In marketing research, in particular, the proper use of measurement scales is one of the basic problems. According to Stevens (1946), the permissible operations that can be performed on numerical data depend on the type of measurement scales used for the variables studied. Therefore, a different procedure is required when dealing with a data matrix that includes quantitative variables measured on scales of different types – i.e. when in addition to variables measured on strong measurement scales (i.e. interval and ratio scales), there are qualitative variables, characteristic of marketing research, measured on weak nominal and ordinal scales (e.g. data obtained from the measurement of attitudes, opinions, attitudes, preferences and expectations of recipients; product architecture and image; data from measurements of the color, quality and taste of products, packaging properties, opinions on the price level).
When all variables in a dataset are measured on a single type of scale, especially strong scales, the choice of statistical and econometric methods for analysis and interpretation is relatively straightforward. The problem of the transformation of measurement scales and permissible mathematical and statistical transformations for data obtained in individual types of measurement scales nevertheless often becomes apparent in social, economic and marketing research (Walesiak, 2014). What approach should researchers adopt, when specialist sources say one thing but common practice is different? The treatment of ordinal scales as interval scales, although common, has long been controversial (e.g. discussed by Walesiak, 1996) and – it seems – remains so. Kuzon et al. (1996) referred to the application of parametric tests to analyze ordinal data as the first of the “seven deadly sins of statistical analysis”. Knapp (1990), however, found some merit in the argument that sample size and distribution are more important than the level of measurement when determining whether it is appropriate to use parametric tests to assess specific parameter values for a given population from which the sample is drawn. These parameters may be the mean, variance or standard deviation.
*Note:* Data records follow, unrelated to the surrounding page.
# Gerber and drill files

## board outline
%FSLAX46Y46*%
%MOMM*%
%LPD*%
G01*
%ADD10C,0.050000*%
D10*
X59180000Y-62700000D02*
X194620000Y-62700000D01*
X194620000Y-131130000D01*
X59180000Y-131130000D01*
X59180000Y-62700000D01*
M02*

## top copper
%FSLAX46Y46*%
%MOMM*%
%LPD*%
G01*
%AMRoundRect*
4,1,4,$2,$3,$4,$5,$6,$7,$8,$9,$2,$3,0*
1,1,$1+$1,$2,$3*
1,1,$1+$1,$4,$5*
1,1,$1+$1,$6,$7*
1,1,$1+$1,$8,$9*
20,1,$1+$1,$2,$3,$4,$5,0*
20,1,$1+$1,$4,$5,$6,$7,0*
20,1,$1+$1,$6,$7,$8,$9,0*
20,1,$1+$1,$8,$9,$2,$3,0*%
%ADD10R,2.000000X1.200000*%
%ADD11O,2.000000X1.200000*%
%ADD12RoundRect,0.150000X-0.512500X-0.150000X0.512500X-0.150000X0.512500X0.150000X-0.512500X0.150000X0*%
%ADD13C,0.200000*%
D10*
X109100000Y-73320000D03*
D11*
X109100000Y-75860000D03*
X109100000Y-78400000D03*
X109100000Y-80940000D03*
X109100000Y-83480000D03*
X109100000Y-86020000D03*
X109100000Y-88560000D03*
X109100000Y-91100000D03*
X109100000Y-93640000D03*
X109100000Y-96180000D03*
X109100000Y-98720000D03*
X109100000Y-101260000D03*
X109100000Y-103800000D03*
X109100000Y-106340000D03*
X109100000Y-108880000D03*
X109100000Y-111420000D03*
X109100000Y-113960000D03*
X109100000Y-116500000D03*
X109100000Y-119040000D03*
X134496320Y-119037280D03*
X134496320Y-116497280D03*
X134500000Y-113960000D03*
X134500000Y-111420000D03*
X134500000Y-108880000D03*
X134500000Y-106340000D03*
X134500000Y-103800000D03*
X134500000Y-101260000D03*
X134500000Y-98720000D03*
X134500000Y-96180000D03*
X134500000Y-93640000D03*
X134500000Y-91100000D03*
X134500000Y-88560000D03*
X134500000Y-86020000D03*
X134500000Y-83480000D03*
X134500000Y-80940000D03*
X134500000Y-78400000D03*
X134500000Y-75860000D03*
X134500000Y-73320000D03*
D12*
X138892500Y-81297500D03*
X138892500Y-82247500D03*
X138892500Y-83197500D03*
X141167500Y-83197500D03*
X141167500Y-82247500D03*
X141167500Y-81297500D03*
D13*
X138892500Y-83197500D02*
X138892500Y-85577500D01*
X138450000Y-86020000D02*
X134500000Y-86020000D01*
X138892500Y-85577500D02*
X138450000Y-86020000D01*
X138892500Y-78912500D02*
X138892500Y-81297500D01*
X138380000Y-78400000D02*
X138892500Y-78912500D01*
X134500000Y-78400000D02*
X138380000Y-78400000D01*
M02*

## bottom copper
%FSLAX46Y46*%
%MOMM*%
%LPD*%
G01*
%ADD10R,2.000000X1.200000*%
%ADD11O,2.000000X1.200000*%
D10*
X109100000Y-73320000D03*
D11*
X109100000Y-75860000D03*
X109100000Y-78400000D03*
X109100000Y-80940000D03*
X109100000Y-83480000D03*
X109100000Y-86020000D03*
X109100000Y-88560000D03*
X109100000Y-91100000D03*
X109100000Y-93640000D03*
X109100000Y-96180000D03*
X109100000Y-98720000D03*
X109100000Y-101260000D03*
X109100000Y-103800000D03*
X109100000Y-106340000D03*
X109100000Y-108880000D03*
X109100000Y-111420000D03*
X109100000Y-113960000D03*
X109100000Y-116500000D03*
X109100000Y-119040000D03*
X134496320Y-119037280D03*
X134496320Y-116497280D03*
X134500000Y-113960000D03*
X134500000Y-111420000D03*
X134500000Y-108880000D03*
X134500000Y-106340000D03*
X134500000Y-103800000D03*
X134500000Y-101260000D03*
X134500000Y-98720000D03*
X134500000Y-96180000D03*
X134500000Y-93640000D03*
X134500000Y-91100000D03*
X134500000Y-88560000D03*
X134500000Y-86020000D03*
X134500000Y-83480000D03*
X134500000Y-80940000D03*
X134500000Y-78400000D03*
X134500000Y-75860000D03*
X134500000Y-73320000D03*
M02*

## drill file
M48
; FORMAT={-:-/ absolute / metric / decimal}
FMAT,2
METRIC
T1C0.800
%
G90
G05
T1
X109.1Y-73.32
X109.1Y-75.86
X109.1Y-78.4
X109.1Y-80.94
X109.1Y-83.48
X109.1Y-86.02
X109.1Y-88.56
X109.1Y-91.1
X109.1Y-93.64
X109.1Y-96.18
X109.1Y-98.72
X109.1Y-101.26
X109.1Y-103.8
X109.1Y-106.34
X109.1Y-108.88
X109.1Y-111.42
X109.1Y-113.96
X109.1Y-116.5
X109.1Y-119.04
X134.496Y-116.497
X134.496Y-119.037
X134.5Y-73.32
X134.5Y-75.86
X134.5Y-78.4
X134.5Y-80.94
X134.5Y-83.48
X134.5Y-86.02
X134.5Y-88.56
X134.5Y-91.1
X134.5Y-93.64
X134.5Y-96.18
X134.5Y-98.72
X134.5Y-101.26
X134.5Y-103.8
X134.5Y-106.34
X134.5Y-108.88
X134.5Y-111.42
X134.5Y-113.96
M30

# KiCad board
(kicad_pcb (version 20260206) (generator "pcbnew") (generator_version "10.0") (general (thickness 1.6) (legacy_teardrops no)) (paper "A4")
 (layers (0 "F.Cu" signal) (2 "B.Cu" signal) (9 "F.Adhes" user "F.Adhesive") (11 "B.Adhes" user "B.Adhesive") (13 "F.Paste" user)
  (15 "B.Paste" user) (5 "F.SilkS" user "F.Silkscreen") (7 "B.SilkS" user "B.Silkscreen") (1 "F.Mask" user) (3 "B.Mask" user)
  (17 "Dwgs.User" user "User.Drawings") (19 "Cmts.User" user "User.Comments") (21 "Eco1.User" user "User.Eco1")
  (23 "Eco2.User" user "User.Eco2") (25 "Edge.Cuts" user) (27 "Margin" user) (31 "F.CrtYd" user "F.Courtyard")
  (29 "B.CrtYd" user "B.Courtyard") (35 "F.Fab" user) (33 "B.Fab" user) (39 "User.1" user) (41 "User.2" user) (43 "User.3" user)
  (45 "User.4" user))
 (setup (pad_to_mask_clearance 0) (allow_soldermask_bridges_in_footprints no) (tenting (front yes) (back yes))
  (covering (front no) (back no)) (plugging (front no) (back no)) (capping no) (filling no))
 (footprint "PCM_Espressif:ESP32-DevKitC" (layer "F.Cu") (at 109.1 73.32)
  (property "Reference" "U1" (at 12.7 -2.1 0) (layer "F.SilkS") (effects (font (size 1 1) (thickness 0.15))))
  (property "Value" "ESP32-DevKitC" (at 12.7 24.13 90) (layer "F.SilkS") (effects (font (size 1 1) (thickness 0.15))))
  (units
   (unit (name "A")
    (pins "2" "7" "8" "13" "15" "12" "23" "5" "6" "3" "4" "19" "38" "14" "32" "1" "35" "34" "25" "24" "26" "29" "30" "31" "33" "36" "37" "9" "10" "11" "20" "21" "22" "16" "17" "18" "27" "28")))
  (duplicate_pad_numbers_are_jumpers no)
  (pad "1" thru_hole rect (at 0 0 270) (size 1.2 2) (drill 0.8) (layers "*.Cu" "*.Mask") (remove_unused_layers no) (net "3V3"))
  (pad "2" thru_hole oval (at 0 2.54 270) (size 1.2 2) (drill 0.8) (layers "*.Cu" "*.Mask") (remove_unused_layers no)
   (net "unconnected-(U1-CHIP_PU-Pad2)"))
  (pad "3" thru_hole oval (at 0 5.08 270) (size 1.2 2) (drill 0.8) (layers "*.Cu" "*.Mask") (remove_unused_layers no)
   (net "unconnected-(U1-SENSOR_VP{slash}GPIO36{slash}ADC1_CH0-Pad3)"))
  (pad "4" thru_hole oval (at 0 7.62 270) (size 1.2 2) (drill 0.8) (layers "*.Cu" "*.Mask") (remove_unused_layers no)
   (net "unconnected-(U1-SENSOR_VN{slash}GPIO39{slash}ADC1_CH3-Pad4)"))
  (pad "5" thru_hole oval (at 0 10.16 270) (size 1.2 2) (drill 0.8) (layers "*.Cu" "*.Mask") (remove_unused_layers no)
   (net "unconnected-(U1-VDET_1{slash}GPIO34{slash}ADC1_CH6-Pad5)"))
  (pad "6" thru_hole oval (at 0 12.7 270) (size 1.2 2) (drill 0.8) (layers "*.Cu" "*.Mask") (remove_unused_layers no)
   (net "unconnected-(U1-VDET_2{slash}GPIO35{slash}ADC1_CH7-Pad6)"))
  (pad "7" thru_hole oval (at 0 15.24 270) (size 1.2 2) (drill 0.8) (layers "*.Cu" "*.Mask") (remove_unused_layers no)
   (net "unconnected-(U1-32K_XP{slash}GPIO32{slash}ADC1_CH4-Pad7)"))
  (pad "8" thru_hole oval (at 0 17.78 270) (size 1.2 2) (drill 0.8) (layers "*.Cu" "*.Mask") (remove_unused_layers no)
   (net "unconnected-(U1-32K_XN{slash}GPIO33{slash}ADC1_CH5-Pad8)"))
  (pad "9" thru_hole oval (at 0 20.32 270) (size 1.2 2) (drill 0.8) (layers "*.Cu" "*.Mask") (remove_unused_layers no) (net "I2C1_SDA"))
  (pad "10" thru_hole oval (at 0 22.86 270) (size 1.2 2) (drill 0.8) (layers "*.Cu" "*.Mask") (remove_unused_layers no) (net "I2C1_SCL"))
  (pad "11" thru_hole oval (at 0 25.4 270) (size 1.2 2) (drill 0.8) (layers "*.Cu" "*.Mask") (remove_unused_layers no)
   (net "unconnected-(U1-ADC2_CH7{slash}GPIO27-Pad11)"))
  (pad "12" thru_hole oval (at 0 27.94 270) (size 1.2 2) (drill 0.8) (layers "*.Cu" "*.Mask") (remove_unused_layers no)
   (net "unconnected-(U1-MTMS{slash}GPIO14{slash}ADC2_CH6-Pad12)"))
  (pad "13" thru_hole oval (at 0 30.48 270) (size 1.2 2) (drill 0.8) (layers "*.Cu" "*.Mask") (remove_unused_layers no)
   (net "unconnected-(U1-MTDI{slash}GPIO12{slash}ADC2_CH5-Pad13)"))
  (pad "14" thru_hole oval (at 0 33.02 270) (size 1.2 2) (drill 0.8) (layers "*.Cu" "*.Mask") (remove_unused_layers no) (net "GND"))
  (pad "15" thru_hole oval (at 0 35.56 270) (size 1.2 2) (drill 0.8) (layers "*.Cu" "*.Mask") (remove_unused_layers no)
   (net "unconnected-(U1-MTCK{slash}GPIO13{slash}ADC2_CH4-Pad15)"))
  (pad "16" thru_hole oval (at 0 38.1 270) (size 1.2 2) (drill 0.8) (layers "*.Cu" "*.Mask") (remove_unused_layers no)
   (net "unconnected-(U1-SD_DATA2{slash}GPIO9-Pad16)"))
  (pad "17" thru_hole oval (at 0 40.64 270) (size 1.2 2) (drill 0.8) (layers "*.Cu" "*.Mask") (remove_unused_layers no)
   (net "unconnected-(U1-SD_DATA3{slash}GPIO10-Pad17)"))
  (pad "18" thru_hole oval (at 0 43.18 270) (size 1.2 2) (drill 0.8) (layers "*.Cu" "*.Mask") (remove_unused_layers no)
   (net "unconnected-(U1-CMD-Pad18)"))
  (pad "19" thru_hole oval (at 0 45.72 270) (size 1.2 2) (drill 0.8) (layers "*.Cu" "*.Mask") (remove_unused_layers no)
   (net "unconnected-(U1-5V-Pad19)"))
  (pad "20" thru_hole oval (at 25.39632 45.71728 270) (size 1.2 2) (drill 0.8) (layers "*.Cu" "*.Mask") (remove_unused_layers no)
   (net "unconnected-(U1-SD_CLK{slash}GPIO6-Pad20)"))
  (pad "21" thru_hole oval (at 25.39632 43.17728 270) (size 1.2 2) (drill 0.8) (layers "*.Cu" "*.Mask") (remove_unused_layers no)
   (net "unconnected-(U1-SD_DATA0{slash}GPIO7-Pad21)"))
  (pad "22" thru_hole oval (at 25.4 40.64 270) (size 1.2 2) (drill 0.8) (layers "*.Cu" "*.Mask") (remove_unused_layers no)
   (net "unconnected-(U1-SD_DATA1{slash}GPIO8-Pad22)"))
  (pad "23" thru_hole oval (at 25.4 38.1 270) (size 1.2 2) (drill 0.8) (layers "*.Cu" "*.Mask") (remove_unused_layers no)
   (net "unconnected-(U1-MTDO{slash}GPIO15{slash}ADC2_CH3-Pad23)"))
  (pad "24" thru_hole oval (at 25.4 35.56 270) (size 1.2 2) (drill 0.8) (layers "*.Cu" "*.Mask") (remove_unused_layers no)
   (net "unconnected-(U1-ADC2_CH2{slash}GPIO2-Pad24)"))
  (pad "25" thru_hole oval (at 25.4 33.02 270) (size 1.2 2) (drill 0.8) (layers "*.Cu" "*.Mask") (remove_unused_layers no)
   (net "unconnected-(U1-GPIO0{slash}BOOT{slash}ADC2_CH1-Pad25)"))
  (pad "26" thru_hole oval (at 25.4 30.48 270) (size 1.2 2) (drill 0.8) (layers "*.Cu" "*.Mask") (remove_unused_layers no)
   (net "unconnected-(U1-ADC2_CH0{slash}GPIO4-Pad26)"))
  (pad "27" thru_hole oval (at 25.4 27.94 270) (size 1.2 2) (drill 0.8) (layers "*.Cu" "*.Mask") (remove_unused_layers no)
   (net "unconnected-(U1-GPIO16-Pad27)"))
Nevertheless, even if we accept that the status of intervals is justified in the case of data obtained using the Likert method, datasets generated using Likert-type scales often have a skewed or polarized distribution (e.g., when most respondents “agree” or “strongly agree” that a given brand of beer was tasty, or when respondents have polarized views on the “color of a beer bottle,” depending on their place of residence). Therefore, if we want to improve the quality of research in social sciences, and in marketing research in particular, such issues as the level of measurement and adequacy of mean, standard deviation, and parametric statistics should be taken into account already at the stage of research design, and authors must address them when discussing their chosen research methodology and the individual phases and stages of the research process, including specific activities, methods, and expected results at a given stage. Knapp (1990) proposed that researchers should decide what level of measurement is being used. To paraphrase: if data are measured on the interval level, for outcome x the researcher should be able to answer the question “x what?”. If the data are clearly ordinal, nonparametric tests should be used; and if the researcher is confident that the data can be reasonably classified as interval, attention should nevertheless be paid to the sample size, its representativeness, and whether the distribution is normal.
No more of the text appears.